Boxing Day bargain hunters at Commercial Bay in 2020. Photo / Brett Phibbs
OPINION: The past two years and most probably this year will be remembered as an important part of history.
The history will be of all the details and difficulties of the coronavirus and how we as a country and the world as a whole dealt with it.
It will be anunderstatement to say that, just like 2020, 2021 was a tough time for many. But with tough times come experiences that can positively shape us individually and as a country.
Just like 2020, 2021 has passed but with a big lesson that in a pandemic like this lockdowns work only as a delaying tactic.
A tactic that if used well can give us the time to come up with more practical and pragmatic responses.
A big saving grace for us these past couple of years has been technology.
Most of what we achieved during these lockdowns would have been unbelievably difficult if it happened 20 or so years ago.

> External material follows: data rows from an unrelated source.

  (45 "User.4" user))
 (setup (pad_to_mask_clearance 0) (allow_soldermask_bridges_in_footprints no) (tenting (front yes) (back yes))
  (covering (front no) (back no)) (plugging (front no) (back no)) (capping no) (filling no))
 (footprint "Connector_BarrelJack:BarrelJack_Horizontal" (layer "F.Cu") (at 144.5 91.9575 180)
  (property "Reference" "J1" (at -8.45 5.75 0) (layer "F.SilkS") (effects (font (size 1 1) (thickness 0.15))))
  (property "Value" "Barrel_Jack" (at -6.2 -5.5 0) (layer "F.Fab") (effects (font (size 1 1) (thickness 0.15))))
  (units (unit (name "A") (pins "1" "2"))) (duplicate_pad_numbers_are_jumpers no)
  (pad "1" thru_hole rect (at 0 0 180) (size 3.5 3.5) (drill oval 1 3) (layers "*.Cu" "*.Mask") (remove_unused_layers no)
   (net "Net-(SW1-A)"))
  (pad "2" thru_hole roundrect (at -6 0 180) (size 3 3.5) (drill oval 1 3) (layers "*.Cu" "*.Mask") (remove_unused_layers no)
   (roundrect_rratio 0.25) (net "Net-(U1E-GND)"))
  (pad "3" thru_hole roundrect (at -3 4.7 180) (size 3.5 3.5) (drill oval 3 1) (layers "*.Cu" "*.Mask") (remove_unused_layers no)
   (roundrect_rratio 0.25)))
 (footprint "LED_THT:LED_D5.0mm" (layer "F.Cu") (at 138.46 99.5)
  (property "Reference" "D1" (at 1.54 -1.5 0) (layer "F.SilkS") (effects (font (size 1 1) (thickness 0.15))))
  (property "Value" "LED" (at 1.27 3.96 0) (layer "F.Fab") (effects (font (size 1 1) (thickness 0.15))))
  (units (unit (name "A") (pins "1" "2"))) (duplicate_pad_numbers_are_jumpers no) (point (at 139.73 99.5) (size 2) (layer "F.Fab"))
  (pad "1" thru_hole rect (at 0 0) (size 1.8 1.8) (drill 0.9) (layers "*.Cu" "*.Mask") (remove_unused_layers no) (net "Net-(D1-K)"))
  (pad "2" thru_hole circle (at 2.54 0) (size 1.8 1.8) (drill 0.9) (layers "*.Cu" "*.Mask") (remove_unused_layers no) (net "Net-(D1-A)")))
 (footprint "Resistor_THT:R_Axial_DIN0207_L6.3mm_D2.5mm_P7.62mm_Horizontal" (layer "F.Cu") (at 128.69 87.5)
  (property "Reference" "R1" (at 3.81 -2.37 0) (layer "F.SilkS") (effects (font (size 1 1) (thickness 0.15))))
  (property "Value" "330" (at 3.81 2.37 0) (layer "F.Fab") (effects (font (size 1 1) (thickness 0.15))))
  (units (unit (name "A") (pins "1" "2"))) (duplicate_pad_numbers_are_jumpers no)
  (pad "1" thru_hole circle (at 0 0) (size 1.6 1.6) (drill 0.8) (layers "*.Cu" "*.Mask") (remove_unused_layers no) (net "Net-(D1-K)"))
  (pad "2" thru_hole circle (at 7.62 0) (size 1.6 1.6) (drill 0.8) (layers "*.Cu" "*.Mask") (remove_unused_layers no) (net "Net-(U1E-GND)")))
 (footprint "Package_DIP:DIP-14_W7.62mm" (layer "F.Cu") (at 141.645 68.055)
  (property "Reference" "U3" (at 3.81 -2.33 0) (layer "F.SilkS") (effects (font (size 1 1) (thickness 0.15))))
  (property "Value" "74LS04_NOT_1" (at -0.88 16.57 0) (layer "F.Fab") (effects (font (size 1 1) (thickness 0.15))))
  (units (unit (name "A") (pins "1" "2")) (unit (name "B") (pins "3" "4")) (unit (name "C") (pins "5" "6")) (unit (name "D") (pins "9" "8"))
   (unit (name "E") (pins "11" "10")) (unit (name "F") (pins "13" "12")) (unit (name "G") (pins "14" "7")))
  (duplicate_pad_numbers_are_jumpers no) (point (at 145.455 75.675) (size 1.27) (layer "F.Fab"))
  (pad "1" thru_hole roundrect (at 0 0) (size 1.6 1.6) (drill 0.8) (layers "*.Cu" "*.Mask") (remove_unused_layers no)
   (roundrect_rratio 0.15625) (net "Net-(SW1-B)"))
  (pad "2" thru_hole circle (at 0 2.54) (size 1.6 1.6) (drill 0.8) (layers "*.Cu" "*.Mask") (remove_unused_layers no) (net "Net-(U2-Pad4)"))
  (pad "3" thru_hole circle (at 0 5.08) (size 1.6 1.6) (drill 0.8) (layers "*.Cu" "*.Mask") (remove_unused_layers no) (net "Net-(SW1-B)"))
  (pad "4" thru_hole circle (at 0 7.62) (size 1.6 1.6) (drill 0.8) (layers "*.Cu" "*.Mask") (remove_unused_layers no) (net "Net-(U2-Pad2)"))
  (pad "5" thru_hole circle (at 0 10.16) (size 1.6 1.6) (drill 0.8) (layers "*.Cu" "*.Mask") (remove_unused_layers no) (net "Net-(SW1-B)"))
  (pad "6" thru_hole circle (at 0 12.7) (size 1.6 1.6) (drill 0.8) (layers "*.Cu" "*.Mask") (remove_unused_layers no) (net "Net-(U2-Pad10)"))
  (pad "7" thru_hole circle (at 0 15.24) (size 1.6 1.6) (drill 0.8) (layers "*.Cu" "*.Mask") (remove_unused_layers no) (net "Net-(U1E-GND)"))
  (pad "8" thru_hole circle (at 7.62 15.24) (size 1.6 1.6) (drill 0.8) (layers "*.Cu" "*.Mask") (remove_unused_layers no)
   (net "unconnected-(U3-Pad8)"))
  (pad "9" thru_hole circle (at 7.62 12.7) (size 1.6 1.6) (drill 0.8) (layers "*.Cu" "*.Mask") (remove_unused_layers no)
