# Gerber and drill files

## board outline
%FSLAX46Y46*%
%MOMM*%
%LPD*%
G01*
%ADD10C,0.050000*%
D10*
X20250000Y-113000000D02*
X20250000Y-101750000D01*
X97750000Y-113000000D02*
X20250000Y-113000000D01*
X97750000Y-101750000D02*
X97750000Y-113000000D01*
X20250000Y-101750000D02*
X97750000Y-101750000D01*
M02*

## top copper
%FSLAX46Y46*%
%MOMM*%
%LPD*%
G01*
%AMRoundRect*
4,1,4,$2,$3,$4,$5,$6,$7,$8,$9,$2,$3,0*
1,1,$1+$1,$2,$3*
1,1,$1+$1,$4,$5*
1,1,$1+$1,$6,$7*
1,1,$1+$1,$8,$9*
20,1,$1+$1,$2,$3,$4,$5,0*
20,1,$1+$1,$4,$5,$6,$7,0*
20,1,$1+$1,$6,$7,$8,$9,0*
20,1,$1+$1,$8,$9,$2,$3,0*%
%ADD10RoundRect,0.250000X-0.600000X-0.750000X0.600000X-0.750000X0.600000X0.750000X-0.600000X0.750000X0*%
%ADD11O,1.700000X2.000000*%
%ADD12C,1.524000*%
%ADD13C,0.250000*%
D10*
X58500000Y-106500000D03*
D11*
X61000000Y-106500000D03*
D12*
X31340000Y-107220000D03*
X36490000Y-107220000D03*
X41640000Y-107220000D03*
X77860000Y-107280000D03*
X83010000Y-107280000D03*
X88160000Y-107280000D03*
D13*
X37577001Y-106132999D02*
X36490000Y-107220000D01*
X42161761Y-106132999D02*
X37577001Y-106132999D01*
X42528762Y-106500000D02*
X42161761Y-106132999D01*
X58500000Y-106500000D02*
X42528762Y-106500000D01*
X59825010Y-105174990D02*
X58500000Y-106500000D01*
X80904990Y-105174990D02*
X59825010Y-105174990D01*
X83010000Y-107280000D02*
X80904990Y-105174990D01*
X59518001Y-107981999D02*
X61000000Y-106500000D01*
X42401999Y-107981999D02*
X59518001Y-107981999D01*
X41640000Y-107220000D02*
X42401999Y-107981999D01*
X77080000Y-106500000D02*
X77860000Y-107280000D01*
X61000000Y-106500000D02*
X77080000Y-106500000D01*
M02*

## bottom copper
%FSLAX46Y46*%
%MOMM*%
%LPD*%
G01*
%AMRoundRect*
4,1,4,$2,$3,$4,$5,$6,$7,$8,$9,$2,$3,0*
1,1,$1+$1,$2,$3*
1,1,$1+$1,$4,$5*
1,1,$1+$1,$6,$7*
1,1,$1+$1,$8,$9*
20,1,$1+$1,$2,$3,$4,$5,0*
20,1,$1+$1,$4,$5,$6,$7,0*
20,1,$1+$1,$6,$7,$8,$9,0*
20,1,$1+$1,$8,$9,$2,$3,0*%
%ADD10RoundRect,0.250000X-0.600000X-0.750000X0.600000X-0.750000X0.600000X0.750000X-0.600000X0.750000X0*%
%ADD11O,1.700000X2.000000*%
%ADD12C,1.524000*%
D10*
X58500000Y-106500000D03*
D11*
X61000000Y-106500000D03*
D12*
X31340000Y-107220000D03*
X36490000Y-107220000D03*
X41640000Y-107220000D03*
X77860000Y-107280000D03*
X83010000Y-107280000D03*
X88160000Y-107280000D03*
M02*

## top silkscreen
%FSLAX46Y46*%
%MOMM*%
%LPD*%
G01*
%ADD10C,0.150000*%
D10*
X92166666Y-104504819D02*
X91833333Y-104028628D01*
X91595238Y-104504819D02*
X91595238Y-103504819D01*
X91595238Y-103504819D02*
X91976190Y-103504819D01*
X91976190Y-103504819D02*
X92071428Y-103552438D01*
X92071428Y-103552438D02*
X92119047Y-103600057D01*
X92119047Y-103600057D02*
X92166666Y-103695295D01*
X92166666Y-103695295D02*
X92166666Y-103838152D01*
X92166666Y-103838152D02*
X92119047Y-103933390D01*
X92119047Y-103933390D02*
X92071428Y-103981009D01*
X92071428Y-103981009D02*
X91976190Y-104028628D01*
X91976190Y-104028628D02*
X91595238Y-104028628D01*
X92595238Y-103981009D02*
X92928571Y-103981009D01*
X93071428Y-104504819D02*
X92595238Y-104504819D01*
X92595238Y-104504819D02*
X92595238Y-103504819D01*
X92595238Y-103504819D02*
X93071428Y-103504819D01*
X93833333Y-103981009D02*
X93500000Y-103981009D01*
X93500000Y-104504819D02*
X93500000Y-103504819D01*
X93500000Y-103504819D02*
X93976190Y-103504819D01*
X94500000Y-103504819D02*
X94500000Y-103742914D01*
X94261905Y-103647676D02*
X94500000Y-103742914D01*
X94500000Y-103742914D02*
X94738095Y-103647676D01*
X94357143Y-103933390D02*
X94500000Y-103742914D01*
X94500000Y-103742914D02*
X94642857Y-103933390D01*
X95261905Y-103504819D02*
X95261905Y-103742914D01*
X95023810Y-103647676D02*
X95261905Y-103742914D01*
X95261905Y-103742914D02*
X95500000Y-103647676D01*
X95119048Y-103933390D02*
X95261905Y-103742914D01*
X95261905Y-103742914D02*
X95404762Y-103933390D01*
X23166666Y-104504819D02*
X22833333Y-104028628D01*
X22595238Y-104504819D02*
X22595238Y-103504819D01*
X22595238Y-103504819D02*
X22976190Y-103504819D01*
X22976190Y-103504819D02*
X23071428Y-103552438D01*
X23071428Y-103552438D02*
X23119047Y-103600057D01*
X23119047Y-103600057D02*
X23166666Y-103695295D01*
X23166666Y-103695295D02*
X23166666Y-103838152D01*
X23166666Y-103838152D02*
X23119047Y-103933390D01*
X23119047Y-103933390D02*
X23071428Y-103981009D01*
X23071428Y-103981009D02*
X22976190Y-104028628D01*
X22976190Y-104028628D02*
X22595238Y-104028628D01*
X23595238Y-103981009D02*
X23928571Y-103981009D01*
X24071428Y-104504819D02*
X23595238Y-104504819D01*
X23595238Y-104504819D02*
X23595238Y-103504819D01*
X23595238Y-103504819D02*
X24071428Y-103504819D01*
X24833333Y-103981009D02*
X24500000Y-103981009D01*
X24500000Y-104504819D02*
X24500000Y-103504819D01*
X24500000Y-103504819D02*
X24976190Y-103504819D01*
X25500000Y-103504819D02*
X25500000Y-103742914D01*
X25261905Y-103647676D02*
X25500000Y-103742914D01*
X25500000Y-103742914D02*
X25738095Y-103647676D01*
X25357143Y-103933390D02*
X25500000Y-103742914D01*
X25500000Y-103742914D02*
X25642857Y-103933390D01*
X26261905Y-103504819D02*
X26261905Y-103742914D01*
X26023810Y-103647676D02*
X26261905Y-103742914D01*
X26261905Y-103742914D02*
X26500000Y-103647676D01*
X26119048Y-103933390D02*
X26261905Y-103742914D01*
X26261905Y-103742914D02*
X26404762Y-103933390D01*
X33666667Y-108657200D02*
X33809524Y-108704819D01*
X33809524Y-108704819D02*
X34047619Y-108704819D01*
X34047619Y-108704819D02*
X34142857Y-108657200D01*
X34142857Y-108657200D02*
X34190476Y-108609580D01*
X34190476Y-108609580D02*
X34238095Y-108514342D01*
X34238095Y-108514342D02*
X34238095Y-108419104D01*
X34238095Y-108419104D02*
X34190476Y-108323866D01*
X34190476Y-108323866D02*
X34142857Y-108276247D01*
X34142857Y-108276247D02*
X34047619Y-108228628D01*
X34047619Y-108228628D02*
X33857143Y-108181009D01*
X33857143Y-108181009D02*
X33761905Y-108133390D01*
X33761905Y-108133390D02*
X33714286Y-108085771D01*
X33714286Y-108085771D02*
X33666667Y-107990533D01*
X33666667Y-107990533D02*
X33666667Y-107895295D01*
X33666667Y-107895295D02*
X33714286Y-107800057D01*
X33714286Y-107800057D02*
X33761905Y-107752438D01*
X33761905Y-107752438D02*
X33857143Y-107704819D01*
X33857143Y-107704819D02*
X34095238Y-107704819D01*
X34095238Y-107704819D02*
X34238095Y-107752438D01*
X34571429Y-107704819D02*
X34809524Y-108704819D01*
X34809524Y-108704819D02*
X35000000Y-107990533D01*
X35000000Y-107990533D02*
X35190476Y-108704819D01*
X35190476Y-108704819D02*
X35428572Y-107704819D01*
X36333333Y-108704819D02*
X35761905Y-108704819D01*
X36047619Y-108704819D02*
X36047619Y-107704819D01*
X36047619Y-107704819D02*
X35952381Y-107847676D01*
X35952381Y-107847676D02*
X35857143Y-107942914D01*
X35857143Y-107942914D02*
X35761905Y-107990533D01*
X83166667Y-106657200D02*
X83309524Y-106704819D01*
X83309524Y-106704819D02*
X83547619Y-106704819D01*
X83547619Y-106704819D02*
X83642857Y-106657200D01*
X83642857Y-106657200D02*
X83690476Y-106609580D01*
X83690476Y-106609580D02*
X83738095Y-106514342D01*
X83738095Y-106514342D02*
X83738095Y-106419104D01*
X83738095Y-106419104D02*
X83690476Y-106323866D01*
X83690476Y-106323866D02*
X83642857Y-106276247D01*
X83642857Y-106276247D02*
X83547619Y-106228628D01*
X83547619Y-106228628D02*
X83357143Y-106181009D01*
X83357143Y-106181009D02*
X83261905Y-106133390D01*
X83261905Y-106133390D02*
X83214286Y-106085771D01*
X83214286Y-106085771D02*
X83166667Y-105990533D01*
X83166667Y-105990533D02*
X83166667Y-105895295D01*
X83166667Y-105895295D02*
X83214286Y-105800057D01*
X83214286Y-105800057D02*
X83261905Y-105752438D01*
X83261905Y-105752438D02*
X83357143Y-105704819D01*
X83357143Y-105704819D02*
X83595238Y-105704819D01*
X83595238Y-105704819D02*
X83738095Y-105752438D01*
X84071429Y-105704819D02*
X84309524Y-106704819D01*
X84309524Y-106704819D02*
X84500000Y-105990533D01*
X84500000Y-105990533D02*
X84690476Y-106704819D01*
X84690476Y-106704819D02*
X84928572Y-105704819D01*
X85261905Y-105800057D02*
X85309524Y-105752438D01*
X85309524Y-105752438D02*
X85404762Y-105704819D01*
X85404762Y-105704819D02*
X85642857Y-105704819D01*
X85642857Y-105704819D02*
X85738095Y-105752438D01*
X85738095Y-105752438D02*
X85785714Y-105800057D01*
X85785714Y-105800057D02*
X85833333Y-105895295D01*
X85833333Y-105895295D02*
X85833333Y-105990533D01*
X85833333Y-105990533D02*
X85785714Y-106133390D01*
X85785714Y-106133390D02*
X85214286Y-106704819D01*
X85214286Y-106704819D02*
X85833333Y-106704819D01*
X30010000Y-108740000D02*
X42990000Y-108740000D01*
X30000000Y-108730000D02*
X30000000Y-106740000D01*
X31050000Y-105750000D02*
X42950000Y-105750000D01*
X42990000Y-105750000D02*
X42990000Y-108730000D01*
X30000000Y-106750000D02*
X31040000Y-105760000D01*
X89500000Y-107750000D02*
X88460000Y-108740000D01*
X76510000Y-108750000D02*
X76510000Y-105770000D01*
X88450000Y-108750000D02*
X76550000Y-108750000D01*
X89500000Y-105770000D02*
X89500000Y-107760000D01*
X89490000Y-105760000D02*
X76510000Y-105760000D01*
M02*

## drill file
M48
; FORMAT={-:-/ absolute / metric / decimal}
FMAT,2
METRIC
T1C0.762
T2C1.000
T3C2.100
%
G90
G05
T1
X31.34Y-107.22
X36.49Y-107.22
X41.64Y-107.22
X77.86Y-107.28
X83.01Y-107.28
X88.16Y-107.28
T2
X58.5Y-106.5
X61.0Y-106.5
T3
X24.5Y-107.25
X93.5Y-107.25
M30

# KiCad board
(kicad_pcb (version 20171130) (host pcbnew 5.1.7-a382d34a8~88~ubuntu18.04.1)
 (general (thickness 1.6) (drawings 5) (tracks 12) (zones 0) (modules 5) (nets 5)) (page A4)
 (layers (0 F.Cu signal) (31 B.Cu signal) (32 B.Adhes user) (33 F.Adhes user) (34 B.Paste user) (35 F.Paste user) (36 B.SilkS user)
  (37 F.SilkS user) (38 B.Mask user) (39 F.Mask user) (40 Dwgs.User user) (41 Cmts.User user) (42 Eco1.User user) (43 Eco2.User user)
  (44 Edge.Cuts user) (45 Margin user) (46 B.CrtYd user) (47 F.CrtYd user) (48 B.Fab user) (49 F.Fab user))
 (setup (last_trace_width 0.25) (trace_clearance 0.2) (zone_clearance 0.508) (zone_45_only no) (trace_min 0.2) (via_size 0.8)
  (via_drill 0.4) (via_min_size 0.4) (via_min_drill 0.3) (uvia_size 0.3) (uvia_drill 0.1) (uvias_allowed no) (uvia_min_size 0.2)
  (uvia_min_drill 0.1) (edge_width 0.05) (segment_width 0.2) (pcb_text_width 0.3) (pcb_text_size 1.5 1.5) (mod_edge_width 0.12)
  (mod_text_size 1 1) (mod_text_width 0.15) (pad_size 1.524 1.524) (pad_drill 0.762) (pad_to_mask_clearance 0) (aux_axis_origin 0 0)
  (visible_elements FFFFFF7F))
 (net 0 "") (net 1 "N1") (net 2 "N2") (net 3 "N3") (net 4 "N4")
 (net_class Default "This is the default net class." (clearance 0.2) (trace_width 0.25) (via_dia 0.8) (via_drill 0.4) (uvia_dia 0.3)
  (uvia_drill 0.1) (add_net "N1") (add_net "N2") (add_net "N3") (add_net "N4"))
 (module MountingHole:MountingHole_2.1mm (layer F.Cu) (at 93.5 107.25)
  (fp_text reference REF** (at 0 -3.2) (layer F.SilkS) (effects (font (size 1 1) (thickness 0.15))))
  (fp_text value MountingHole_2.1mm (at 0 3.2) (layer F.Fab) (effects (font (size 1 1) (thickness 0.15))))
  (pad "" np_thru_hole circle (at 0 0) (size 2.1 2.1) (drill 2.1) (layers *.Cu *.Mask)))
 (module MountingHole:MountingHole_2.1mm (layer F.Cu) (at 24.5 107.25)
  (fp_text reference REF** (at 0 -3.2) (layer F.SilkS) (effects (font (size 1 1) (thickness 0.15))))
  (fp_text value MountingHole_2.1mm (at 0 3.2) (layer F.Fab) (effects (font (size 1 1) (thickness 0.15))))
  (pad "" np_thru_hole circle (at 0 0) (size 2.1 2.1) (drill 2.1) (layers *.Cu *.Mask)))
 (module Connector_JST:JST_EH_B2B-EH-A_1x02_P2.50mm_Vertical (layer B.Cu) (at 58.5 106.5)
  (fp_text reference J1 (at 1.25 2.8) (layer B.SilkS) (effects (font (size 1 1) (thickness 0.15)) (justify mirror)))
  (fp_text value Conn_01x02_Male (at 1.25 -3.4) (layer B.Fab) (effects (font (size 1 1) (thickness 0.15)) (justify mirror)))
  (pad 1 thru_hole roundrect (at 0 0) (size 1.7 2) (drill 1) (layers *.Cu *.Mask) (roundrect_rratio 0.147059) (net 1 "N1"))
  (pad 2 thru_hole oval (at 2.5 0) (size 1.7 2) (drill 1) (layers *.Cu *.Mask) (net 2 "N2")))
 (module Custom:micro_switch (layer F.Cu) (at 35 107.75)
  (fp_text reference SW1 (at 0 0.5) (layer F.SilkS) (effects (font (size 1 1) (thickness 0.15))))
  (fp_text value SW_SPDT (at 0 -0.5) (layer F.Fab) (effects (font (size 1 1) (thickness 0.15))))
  (fp_line (start -4.99 0.99) (end 7.99 0.99) (layer F.SilkS) (width 0.15))
  (fp_line (start -5 0.98) (end -5 -1.01) (layer F.SilkS) (width 0.15))
  (fp_line (start -3.95 -2) (end 7.95 -2) (layer F.SilkS) (width 0.15))
  (fp_line (start 7.99 -2) (end 7.99 0.98) (layer F.SilkS) (width 0.15))
  (fp_line (start -5 -1) (end -3.96 -1.99) (layer F.SilkS) (width 0.15))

As a country, we managed to push through and create some normality during our lives with multiple lockdown level changes and, at times, with no end to the lockdown in sight, especially for Auckland.
For many businesses, whether or not they were identified as essential, where possible they had no choice but to keep operating and working from home. This was the best way for them to work around the lockdown.
And many others had no choice but to tune in at 1pm or 4pm to see if they were even allowed to go back to work.
Even those who thought they could only work in an office setting or not at home managed to find balance and adapt.
On the one hand, being home with family was wonderful. It gave many a true sense of the importance of family and the high value of that time together.
But on the other side of the coin, the lockdown meant many were also unable to see family for months on end.
Aucklanders were locked away from the rest of the country and unable to see family outside of Auckland and vice versa for months. Relatives overseas were seemingly completely out of reach with no idea on travel, border and MIQ restrictions.
Not to mention the immense pain that many experienced who could not be beside their family members who were sick or passed away and could not be there in person when their family members were being given their final farewell, missing their only chance at seeing off their loved ones.
Among all this, one thing that many have been really grateful for is to have their jobs secure.
As many businesses struggled to make ends meet, and had no option but to rely on various business support schemes like resurgence help and wage subsidies, it was such that business financial instability also fell on some employees.
Especially for those businesses or individuals who had the wage subsidy as the only way for them to gain a bit of financial stability during these very unpredictable times.
All of a sudden to have earnings shrunk to the wage subsidy amount must have been quite a hit to the pockets.
And it will not come as a surprise that it has been the low-income individuals or families who had jobs that couldn't be done from home, relying just on the wage subsidy, that were the groups that suffered the most.
You have to take into account that the wage subsidy did not reach the total of 40 hours weekly work on minimum wage. Now imagine that drop in pay while still paying off money borrowed to buy a home, car or starting a business.
The principal and interest payment holiday for a short while for people with mortgages might have brought some temporary relief for some but now for those who have floating or fixed-term interest rates coming to an end, the increased interest rate is waiting to bite them.
Having a debt is not a problem; it is only when it becomes a "problem debt" that it is a problem.
We are living through a time that will become a major part of history that will be talked about forever just like the 1918 influenza pandemic.
Hopefully what follows will not be talked about like the great depression of the 1920s and 1930s.
- Former National MP and former Families Commissioner, Dr Parmjeet Parmar has PhD in biological sciences from the University of Auckland.